February 05, 2020 12:50
Korean business and services are bracing for a shortage of workers due to the coronavirus outbreak in China. Factories, construction sites, restaurants, hotels and farms in Korea have become increasingly reliant on workers from China, with 391,000 Chinese laborers accounting for 46.3 percent of all foreign workers here.
One employment agency that supplies maids said it is getting increasing requests from customers for Korean workers. Some agencies have told maids from China who went home for the Lunar New Year holiday to take a break for the time being. But it is not easy to find Koreans to replace them.
A support group in Ansan, south of Seoul for Chinese workers gets more and more calls from people who said they were fired simply because of their ethnicity. Most are construction workers and maids.
Park Yong-man (65), who runs an employment agency in Daelim-dong in southern Seoul, said, "We have received a barrage of phone calls from clients asking for Koreans to replace Chinese caretakers and maids at post-natal care centers and houses. As Chinese workers refrain from leaving their homes, the number coming here to seek jobs has fallen from 50 a day to fewer than 10."

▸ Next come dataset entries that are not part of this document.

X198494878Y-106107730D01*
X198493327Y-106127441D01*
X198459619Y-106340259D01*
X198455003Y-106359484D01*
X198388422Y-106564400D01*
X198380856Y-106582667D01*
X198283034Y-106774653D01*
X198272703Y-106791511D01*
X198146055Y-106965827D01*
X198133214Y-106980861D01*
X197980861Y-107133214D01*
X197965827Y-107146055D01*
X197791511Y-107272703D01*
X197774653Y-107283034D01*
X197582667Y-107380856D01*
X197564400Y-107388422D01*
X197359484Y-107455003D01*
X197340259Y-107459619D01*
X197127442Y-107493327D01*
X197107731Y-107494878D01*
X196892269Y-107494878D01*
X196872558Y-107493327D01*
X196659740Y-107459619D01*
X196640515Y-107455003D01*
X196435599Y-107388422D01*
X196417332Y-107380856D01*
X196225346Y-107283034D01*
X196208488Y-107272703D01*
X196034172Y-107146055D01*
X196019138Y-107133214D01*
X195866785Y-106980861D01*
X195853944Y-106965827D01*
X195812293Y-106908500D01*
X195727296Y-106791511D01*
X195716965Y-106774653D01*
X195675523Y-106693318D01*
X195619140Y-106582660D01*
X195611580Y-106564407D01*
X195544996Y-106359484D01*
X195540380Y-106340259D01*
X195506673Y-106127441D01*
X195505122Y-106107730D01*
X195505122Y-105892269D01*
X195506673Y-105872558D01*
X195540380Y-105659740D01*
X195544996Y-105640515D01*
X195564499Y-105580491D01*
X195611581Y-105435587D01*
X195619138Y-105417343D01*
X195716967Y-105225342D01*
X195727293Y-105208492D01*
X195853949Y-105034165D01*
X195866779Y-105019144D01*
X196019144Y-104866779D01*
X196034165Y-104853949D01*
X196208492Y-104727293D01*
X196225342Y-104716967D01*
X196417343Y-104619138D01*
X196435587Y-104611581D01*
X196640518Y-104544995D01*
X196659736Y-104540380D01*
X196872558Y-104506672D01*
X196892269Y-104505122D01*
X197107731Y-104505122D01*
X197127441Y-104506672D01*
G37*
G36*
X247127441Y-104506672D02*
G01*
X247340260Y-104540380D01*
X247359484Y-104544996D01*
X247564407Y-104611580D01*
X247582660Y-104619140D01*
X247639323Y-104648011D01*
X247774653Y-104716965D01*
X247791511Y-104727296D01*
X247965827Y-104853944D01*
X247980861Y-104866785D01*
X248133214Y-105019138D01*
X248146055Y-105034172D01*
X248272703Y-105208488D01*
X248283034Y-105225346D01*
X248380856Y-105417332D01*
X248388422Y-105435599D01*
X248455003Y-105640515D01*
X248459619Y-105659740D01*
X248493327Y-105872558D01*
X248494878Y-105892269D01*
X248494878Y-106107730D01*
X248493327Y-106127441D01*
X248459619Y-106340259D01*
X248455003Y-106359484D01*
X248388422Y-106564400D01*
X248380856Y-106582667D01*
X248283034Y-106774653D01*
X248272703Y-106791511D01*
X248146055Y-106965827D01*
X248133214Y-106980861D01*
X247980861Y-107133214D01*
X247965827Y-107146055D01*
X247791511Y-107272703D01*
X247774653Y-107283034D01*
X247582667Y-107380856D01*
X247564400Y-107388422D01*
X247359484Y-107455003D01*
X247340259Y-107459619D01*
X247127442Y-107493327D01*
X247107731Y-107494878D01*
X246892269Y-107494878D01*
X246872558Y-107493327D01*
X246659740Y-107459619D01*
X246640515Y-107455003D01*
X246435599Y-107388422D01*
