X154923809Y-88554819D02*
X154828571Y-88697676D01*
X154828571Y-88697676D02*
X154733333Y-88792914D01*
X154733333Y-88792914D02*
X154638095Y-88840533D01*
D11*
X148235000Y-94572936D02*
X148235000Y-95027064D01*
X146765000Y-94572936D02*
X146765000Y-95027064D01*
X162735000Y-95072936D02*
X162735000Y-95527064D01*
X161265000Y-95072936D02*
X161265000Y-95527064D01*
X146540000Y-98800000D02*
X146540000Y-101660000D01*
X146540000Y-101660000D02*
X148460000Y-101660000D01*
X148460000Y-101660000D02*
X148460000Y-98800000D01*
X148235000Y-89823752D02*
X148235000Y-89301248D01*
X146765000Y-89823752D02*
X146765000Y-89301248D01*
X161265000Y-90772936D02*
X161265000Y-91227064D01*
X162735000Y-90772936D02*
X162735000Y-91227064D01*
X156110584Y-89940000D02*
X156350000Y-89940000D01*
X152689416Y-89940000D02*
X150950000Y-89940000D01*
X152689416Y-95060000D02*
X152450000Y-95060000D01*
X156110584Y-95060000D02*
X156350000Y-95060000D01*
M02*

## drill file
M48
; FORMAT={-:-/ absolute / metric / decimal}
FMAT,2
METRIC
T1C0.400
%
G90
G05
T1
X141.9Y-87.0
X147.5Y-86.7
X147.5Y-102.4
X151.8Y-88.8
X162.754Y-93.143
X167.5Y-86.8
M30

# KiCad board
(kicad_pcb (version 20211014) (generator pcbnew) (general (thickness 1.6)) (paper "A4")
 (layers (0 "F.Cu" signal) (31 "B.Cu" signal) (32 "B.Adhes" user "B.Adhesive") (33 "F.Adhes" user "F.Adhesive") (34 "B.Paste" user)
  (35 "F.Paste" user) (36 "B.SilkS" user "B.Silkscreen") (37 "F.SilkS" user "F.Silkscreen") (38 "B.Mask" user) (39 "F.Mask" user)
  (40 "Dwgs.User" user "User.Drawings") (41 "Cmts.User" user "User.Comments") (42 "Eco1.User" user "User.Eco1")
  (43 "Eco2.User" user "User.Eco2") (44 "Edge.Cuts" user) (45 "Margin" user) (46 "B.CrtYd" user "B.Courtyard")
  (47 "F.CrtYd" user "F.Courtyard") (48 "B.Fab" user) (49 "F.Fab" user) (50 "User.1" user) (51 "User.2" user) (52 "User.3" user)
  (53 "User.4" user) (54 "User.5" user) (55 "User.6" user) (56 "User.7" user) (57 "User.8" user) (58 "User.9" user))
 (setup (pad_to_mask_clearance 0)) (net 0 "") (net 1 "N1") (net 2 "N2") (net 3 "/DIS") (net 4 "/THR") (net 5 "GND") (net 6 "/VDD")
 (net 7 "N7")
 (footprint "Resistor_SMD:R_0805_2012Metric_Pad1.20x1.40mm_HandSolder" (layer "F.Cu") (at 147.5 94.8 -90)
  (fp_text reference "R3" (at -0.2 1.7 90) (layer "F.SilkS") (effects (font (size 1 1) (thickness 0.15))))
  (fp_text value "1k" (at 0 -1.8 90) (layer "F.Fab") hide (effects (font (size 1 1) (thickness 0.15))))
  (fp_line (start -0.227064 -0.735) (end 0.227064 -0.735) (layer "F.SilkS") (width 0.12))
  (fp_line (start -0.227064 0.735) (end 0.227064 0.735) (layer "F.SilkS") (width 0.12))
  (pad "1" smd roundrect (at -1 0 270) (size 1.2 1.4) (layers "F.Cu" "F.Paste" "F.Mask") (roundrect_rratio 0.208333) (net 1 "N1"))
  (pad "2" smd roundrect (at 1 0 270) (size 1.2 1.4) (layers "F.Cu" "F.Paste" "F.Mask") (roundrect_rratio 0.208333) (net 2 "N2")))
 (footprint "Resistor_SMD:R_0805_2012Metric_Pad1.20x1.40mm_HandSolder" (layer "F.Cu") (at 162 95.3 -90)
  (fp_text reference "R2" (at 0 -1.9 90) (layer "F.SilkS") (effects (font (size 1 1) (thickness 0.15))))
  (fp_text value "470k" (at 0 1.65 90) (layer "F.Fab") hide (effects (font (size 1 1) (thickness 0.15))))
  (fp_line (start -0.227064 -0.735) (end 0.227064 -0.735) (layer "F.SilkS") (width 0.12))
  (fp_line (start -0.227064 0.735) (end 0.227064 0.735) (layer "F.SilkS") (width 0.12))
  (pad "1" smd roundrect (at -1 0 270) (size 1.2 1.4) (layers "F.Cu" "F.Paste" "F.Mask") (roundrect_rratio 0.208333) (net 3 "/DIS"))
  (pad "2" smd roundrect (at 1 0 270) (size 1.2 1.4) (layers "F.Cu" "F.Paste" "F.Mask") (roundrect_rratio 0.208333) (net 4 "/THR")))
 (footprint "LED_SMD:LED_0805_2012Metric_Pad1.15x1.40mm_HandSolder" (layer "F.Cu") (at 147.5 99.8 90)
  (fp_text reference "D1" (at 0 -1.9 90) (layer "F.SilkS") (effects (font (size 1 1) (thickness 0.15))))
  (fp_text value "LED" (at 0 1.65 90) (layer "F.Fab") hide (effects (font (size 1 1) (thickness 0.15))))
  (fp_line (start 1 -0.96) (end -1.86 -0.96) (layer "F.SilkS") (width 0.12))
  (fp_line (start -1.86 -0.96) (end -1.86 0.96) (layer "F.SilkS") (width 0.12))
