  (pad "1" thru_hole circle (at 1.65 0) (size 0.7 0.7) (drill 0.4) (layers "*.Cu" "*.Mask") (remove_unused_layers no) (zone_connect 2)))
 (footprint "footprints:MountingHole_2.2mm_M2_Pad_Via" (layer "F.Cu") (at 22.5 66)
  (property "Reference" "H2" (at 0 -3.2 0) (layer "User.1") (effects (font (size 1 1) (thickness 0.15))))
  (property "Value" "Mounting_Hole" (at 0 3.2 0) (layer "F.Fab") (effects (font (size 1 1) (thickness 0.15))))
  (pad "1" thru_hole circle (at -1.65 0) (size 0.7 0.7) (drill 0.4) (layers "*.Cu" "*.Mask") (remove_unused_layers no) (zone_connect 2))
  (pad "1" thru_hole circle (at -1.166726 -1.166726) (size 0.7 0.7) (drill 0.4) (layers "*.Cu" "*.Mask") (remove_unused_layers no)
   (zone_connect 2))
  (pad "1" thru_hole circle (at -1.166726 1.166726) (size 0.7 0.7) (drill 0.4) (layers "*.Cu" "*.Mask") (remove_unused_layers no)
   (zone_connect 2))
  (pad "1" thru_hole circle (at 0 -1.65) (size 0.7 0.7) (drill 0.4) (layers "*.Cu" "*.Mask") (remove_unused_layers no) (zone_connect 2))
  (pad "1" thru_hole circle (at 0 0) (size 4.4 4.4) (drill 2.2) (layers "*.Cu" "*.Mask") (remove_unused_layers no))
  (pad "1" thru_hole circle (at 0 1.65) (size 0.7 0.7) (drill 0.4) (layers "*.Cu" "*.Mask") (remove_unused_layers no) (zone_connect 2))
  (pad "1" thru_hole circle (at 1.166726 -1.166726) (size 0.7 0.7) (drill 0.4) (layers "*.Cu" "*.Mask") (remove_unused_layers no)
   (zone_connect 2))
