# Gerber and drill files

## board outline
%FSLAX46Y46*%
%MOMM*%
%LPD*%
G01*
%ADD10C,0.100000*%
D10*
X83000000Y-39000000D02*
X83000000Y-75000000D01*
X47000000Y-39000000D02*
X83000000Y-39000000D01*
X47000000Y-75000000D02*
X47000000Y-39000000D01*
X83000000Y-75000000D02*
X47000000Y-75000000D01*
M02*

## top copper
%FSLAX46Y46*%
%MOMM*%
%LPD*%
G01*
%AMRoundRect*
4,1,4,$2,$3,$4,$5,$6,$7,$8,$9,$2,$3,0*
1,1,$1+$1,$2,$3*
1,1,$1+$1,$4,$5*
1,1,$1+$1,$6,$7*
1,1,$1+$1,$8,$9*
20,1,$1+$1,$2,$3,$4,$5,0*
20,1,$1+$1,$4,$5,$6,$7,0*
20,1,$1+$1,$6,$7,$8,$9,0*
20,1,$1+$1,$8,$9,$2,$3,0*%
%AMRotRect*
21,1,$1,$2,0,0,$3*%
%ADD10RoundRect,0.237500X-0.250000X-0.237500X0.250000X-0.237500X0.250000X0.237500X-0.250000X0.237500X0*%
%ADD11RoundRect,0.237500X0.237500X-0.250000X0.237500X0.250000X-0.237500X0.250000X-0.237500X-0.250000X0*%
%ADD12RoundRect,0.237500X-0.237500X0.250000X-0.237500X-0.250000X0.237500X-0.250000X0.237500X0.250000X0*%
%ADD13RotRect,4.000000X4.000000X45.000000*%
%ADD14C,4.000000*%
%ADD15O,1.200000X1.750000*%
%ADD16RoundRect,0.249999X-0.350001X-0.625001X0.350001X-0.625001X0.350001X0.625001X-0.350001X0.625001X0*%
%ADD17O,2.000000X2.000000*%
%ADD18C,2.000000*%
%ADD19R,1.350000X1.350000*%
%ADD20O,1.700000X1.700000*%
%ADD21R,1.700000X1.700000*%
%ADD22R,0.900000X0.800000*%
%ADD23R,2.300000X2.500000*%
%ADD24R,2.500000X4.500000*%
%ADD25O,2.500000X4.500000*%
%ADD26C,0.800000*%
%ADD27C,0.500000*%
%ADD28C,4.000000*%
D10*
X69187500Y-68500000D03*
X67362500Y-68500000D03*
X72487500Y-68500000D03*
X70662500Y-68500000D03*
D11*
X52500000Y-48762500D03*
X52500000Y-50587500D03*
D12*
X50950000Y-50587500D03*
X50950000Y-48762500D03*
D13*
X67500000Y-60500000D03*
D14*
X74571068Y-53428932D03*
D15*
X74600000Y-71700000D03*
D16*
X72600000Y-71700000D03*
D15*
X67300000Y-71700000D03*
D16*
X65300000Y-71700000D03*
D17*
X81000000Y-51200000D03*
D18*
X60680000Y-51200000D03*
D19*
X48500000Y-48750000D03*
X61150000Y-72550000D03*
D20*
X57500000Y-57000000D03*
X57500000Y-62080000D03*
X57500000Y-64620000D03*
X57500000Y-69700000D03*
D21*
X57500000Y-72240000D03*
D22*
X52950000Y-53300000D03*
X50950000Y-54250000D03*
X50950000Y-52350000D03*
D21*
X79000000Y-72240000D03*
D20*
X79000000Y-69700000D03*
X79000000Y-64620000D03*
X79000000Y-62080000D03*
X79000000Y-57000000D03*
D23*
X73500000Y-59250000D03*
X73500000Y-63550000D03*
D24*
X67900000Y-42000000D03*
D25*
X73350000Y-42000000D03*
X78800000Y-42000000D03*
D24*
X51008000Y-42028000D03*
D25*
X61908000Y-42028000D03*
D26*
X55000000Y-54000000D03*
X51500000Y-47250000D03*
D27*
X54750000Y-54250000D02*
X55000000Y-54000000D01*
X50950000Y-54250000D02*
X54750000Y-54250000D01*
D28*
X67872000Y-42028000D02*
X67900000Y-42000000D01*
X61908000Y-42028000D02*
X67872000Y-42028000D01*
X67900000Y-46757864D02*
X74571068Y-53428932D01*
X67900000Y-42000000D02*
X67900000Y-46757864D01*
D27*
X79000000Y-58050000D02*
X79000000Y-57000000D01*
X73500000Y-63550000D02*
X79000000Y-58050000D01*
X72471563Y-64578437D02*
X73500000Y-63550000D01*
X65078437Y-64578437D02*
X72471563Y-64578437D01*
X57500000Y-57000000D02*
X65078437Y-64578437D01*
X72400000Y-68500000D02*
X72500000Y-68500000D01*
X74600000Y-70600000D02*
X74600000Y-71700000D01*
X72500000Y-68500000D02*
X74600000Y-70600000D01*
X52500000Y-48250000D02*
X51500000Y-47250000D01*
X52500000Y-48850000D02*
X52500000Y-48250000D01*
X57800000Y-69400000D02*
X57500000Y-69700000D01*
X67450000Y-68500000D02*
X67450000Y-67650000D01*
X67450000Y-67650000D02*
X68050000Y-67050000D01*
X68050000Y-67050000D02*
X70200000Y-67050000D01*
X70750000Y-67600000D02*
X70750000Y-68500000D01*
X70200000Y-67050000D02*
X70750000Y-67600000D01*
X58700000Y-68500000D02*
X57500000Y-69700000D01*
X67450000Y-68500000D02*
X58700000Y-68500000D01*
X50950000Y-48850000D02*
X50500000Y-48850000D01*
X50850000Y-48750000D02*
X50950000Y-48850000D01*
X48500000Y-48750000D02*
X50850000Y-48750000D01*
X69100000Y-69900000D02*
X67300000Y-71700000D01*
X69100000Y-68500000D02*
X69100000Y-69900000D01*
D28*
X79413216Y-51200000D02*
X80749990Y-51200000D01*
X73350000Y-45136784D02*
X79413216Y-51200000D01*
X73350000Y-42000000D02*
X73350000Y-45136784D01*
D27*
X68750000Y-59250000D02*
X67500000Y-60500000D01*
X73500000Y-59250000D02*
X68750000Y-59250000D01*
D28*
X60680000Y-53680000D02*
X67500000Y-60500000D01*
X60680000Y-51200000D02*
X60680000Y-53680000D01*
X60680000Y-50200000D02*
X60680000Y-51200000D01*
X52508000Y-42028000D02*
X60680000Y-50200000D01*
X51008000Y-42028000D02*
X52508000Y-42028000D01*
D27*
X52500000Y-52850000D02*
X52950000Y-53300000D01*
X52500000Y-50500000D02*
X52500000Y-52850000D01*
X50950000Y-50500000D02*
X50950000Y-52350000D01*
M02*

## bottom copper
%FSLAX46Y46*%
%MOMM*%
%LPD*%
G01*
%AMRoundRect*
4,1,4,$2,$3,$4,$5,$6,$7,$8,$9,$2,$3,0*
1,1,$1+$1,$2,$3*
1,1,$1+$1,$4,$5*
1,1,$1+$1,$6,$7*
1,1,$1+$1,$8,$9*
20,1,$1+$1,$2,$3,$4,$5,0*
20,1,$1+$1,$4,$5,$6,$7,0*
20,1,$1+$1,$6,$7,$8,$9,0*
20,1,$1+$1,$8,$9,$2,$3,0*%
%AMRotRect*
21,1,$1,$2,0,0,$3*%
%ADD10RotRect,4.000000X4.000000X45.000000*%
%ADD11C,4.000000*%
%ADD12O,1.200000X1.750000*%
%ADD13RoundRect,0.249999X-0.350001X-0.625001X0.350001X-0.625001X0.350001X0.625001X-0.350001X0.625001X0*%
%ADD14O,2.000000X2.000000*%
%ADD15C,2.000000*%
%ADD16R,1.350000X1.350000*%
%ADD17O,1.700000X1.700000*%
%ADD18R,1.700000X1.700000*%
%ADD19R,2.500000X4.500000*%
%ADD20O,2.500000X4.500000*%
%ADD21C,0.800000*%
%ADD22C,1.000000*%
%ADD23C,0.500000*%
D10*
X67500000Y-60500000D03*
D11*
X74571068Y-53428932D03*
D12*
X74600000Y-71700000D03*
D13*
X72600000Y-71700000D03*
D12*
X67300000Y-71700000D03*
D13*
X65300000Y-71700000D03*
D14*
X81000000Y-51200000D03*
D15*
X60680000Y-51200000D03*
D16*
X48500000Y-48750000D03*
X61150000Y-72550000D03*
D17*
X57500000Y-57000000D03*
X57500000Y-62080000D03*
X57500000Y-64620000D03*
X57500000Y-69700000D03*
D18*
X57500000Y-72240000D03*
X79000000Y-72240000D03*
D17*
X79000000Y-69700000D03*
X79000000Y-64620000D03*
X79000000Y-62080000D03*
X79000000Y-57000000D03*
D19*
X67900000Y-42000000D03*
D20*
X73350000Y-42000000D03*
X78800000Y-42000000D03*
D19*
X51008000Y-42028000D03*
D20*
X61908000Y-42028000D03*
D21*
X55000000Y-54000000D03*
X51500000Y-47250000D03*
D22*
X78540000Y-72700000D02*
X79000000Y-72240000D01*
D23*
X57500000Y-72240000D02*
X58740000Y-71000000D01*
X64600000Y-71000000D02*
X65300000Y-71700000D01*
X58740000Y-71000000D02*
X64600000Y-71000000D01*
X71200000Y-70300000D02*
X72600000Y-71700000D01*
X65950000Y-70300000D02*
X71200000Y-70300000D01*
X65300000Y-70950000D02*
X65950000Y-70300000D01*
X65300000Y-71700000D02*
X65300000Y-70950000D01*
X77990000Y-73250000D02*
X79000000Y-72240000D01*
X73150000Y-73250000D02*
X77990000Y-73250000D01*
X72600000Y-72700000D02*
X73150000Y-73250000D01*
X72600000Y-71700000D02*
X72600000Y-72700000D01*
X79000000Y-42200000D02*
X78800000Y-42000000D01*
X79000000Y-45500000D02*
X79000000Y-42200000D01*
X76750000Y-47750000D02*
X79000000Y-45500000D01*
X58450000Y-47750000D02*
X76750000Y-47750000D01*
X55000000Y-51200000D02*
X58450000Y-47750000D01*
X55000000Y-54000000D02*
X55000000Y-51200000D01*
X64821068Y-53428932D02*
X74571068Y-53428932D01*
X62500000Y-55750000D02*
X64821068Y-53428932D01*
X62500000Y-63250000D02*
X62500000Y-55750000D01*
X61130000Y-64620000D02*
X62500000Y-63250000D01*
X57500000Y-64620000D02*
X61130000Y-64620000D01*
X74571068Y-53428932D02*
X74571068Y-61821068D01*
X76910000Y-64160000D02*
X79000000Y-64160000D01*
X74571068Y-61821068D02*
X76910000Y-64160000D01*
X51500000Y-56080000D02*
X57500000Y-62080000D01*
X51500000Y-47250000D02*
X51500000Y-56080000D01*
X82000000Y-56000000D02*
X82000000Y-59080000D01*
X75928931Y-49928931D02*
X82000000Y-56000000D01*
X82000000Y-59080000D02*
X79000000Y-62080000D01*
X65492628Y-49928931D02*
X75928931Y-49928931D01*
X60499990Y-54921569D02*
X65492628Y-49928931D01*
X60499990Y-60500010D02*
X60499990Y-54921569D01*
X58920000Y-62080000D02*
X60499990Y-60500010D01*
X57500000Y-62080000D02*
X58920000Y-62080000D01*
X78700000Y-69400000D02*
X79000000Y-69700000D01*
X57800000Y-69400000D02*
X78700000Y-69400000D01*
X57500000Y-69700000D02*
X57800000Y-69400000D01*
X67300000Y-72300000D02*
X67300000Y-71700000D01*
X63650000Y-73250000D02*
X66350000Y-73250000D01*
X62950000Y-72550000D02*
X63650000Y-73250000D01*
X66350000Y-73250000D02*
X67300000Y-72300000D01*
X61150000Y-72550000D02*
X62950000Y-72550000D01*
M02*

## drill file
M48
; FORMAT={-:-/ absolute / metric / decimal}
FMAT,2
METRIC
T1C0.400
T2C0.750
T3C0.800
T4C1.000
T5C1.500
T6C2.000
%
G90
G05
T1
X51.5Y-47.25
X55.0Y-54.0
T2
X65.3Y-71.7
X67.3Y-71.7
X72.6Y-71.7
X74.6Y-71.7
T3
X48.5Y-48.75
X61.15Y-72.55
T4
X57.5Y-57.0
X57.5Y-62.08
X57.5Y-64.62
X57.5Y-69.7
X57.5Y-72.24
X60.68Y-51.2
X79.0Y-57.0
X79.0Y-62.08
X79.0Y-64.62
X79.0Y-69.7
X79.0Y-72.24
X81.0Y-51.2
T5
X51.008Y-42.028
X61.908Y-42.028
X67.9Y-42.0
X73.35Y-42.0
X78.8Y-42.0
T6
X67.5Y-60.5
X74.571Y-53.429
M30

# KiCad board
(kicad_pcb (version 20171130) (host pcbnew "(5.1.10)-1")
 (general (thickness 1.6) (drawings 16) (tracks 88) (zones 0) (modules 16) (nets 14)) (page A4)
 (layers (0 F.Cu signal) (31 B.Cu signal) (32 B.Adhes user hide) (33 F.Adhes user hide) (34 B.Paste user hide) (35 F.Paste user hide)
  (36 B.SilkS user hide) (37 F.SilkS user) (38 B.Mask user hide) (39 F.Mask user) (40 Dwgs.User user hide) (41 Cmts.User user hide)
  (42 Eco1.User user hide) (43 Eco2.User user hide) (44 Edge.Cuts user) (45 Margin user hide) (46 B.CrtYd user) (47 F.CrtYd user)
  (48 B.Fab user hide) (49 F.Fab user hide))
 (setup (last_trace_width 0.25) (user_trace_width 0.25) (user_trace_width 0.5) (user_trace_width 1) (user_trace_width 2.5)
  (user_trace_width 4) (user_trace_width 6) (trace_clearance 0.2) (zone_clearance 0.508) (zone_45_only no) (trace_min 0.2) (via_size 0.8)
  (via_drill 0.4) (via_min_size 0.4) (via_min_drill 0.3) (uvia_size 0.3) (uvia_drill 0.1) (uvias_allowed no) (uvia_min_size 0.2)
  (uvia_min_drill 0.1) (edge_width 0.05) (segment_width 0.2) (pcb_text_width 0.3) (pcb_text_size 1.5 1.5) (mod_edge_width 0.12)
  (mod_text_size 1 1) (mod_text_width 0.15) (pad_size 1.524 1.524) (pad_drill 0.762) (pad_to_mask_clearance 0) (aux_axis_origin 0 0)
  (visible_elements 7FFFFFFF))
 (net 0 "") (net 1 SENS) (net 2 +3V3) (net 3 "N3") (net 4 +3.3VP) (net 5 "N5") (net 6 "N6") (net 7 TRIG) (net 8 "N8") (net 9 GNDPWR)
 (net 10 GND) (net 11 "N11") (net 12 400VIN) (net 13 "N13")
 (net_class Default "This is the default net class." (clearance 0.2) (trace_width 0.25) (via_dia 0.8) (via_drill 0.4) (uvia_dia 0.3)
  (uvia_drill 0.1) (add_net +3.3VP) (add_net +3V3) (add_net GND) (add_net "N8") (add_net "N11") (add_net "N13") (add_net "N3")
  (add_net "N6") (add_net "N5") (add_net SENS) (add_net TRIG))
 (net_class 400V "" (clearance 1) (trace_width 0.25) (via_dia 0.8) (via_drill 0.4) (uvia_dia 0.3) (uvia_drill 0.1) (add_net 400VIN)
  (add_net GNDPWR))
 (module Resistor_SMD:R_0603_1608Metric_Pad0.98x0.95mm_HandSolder (layer F.Cu) (at 68.275 68.5)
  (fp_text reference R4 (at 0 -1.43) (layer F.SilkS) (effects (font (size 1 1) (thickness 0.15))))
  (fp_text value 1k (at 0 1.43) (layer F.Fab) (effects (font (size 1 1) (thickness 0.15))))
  (pad 2 smd roundrect (at 0.9125 0) (size 0.975 0.95) (layers F.Cu F.Paste F.Mask) (roundrect_rratio 0.25) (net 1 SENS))
  (pad 1 smd roundrect (at -0.9125 0) (size 0.975 0.95) (layers F.Cu F.Paste F.Mask) (roundrect_rratio 0.25) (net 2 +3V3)))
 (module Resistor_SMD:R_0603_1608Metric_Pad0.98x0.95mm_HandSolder (layer F.Cu) (at 71.575 68.5)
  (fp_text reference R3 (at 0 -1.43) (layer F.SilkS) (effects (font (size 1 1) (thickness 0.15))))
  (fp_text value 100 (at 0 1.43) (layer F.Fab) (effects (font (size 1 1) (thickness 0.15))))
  (pad 2 smd roundrect (at 0.9125 0) (size 0.975 0.95) (layers F.Cu F.Paste F.Mask) (roundrect_rratio 0.25) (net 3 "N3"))
  (pad 1 smd roundrect (at -0.9125 0) (size 0.975 0.95) (layers F.Cu F.Paste F.Mask) (roundrect_rratio 0.25) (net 2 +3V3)))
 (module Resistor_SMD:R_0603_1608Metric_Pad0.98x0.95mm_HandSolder (layer F.Cu) (at 52.5 49.675 90)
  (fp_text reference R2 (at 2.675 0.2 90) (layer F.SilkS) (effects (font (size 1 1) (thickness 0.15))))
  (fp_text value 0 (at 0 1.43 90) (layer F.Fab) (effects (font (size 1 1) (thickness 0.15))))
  (pad 2 smd roundrect (at 0.9125 0 90) (size 0.975 0.95) (layers F.Cu F.Paste F.Mask) (roundrect_rratio 0.25) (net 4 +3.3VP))
  (pad 1 smd roundrect (at -0.9125 0 90) (size 0.975 0.95) (layers F.Cu F.Paste F.Mask) (roundrect_rratio 0.25) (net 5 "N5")))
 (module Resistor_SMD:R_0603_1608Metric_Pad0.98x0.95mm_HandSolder (layer F.Cu) (at 50.95 49.675 270)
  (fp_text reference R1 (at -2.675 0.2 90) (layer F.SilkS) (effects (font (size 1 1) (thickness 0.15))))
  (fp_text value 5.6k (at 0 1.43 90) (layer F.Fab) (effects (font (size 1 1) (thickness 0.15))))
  (pad 2 smd roundrect (at 0.9125 0 270) (size 0.975 0.95) (layers F.Cu F.Paste F.Mask) (roundrect_rratio 0.25) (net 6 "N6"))
  (pad 1 smd roundrect (at -0.9125 0 270) (size 0.975 0.95) (layers F.Cu F.Paste F.Mask) (roundrect_rratio 0.25) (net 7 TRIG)))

The construction industry is also facing a shortage. As of 2018, 226,391 foreigners worked in the industry, 52.5 percent ethnic Koreans from China and 26.4 percent Chinese. That means eight out of every 10 construction workers here are from China.
"Chinese laborers account for 30 to 50 percent of our workers on building sites," a staffer at Hyundai Engineering and Construction said. "If the crisis continues, we will face a shortage."
Lee Kyu-yong at the Korea Labor Institute, said, "It's hard to replace ethnic Koreans from China with laborers from Southeast Asia in jobs like hospital carers and babysitters who need to be able to speak Korean. Businesses will have a tough time and pay more money to hire Koreans to replace them."
The shortage will only worsen because the government has temporarily banned Chinese workers with H2 working visit visas from job training classes, which are needed to find a new job.
The Human Resources Development Service of Korea temporarily halted the classes citing the risk of human-to-human transmission of the virus. The Korea Federation of SMEs said 97.1 percent of foreign workers are employed by small businesses with fewer than 300 staff, so if the crisis continues, small business will be hit particularly hard in already tough times.